MSXML 3 and escape sequences
-
I have a problem with a string containing the £ symbol (GB pounds). I can set the text of a child node using m_pXMLDoc->createTextNode(pszText) to a string containing £ chars ok, but if I try to reparse the xml using MSXML e.g. try displaying it in IE it complains about an invalid character i.e. the £. No problem I thought, I'll replace all £ chars with their escape sequence i.e. &#_163; (please ignore the _ - I had to include it to prevent HTML replacing the escape sequence with a £). All appears to work ok e.g. I can reparse the XML with MSXML and display it in IE, but MSXML has escaped my escape sequence i.e. instead of &#_163; the string contains £. How can I stop MSXML doing this to my escape sequence? Or, how can I include a £ char in a string. I have to use MSXML 3, I can't use a DTD/Schema (don't ask) and I can't use a CDATA section (again, don't ask). Any help/advice would be much appreciated. Gavin
-
I have a problem with a string containing the £ symbol (GB pounds). I can set the text of a child node using m_pXMLDoc->createTextNode(pszText) to a string containing £ chars ok, but if I try to reparse the xml using MSXML e.g. try displaying it in IE it complains about an invalid character i.e. the £. No problem I thought, I'll replace all £ chars with their escape sequence i.e. &#_163; (please ignore the _ - I had to include it to prevent HTML replacing the escape sequence with a £). All appears to work ok e.g. I can reparse the XML with MSXML and display it in IE, but MSXML has escaped my escape sequence i.e. instead of &#_163; the string contains £. How can I stop MSXML doing this to my escape sequence? Or, how can I include a £ char in a string. I have to use MSXML 3, I can't use a DTD/Schema (don't ask) and I can't use a CDATA section (again, don't ask). Any help/advice would be much appreciated.
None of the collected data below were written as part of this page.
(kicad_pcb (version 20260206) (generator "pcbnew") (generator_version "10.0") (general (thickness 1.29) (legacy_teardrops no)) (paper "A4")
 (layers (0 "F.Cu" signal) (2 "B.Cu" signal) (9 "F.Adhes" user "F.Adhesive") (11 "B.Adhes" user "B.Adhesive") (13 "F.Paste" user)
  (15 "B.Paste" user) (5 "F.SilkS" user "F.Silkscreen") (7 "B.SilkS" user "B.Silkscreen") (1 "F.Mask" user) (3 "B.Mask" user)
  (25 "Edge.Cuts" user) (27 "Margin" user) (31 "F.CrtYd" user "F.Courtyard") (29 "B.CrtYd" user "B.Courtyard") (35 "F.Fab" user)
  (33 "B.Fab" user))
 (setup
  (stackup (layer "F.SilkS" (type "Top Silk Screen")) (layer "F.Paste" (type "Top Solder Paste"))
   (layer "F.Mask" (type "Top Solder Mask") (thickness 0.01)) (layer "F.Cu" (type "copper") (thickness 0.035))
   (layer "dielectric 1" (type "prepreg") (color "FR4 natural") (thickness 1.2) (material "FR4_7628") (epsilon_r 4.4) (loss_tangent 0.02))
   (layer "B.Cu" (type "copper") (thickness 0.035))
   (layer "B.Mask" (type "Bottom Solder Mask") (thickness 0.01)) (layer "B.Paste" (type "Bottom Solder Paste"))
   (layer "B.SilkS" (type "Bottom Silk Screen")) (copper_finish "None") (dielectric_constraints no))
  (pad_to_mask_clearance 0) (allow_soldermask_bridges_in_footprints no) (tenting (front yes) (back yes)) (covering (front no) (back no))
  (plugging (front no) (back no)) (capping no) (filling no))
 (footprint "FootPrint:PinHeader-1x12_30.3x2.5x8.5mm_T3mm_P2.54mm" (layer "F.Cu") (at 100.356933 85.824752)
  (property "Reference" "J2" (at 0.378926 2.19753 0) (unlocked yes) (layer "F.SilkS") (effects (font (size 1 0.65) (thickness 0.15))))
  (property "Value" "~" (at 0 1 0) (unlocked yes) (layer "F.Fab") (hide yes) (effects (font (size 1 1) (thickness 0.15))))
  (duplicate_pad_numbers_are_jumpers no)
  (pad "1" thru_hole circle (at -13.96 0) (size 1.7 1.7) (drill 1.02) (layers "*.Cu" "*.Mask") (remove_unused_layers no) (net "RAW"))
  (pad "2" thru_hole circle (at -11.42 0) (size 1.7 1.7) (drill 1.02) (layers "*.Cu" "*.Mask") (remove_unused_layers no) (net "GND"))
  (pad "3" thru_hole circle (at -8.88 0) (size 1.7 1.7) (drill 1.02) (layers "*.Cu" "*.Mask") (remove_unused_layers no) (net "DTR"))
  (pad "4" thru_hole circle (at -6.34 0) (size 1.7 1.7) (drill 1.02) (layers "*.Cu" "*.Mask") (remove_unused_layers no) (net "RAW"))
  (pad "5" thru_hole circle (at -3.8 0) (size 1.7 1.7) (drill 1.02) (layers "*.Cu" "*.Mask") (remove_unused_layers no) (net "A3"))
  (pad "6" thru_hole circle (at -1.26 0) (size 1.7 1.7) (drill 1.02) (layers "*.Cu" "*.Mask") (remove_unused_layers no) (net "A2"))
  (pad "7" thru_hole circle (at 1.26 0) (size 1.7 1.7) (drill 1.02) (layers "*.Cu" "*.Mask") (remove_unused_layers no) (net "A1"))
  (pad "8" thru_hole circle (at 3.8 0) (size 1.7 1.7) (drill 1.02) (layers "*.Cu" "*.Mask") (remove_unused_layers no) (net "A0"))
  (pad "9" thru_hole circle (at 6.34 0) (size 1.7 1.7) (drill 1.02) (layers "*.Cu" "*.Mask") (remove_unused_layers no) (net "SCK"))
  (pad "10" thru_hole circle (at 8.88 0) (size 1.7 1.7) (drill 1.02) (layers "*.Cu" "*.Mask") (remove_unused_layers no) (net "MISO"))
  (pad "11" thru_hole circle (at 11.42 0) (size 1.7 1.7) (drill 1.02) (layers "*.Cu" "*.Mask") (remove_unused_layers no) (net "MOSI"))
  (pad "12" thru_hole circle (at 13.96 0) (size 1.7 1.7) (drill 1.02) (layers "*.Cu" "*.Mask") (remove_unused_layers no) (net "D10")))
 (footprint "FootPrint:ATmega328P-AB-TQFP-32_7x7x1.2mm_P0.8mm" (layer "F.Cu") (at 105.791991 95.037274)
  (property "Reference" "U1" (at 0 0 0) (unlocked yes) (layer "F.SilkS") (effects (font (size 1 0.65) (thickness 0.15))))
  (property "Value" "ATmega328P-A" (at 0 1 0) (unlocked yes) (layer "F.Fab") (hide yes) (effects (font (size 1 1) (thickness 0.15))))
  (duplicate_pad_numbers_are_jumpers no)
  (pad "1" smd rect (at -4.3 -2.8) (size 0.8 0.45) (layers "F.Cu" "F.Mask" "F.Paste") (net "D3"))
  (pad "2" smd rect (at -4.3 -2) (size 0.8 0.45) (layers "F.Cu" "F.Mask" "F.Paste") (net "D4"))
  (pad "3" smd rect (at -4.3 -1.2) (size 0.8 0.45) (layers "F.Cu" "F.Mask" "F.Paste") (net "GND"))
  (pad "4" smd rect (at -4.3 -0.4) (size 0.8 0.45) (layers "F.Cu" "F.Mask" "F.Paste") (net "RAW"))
Gavin
this is a classic problem - you will run into it all the time. the important point is that £ is resolved by the parser, i.e. by the time you get a look in it has been converted to its character. generally these issues are caused by the
encoding
attribute that is specified at the top of your xml<?xml version="1.0" encoding="ISO-8859-1" ?>
People have a nasty habit of sticking any old encoding in here, without considering what encoding they are using - for example different versions of windows (95, 98, NT) have used different encoding schemes. Also be careful if you use XSLT - you have to tell it how to output it<xsl:output encoding="iso-8859-1"/>
. Otherwise you will end up in a world of pain ;) my general advice is to always replace any characters with values below 32 and above 128 with a tag - this allows you to handle the problem. consider using a <character code="163"/> tag, this way you can do what you like. hope this helps.
"When the only tool you have is a hammer, a sore thumb you will have."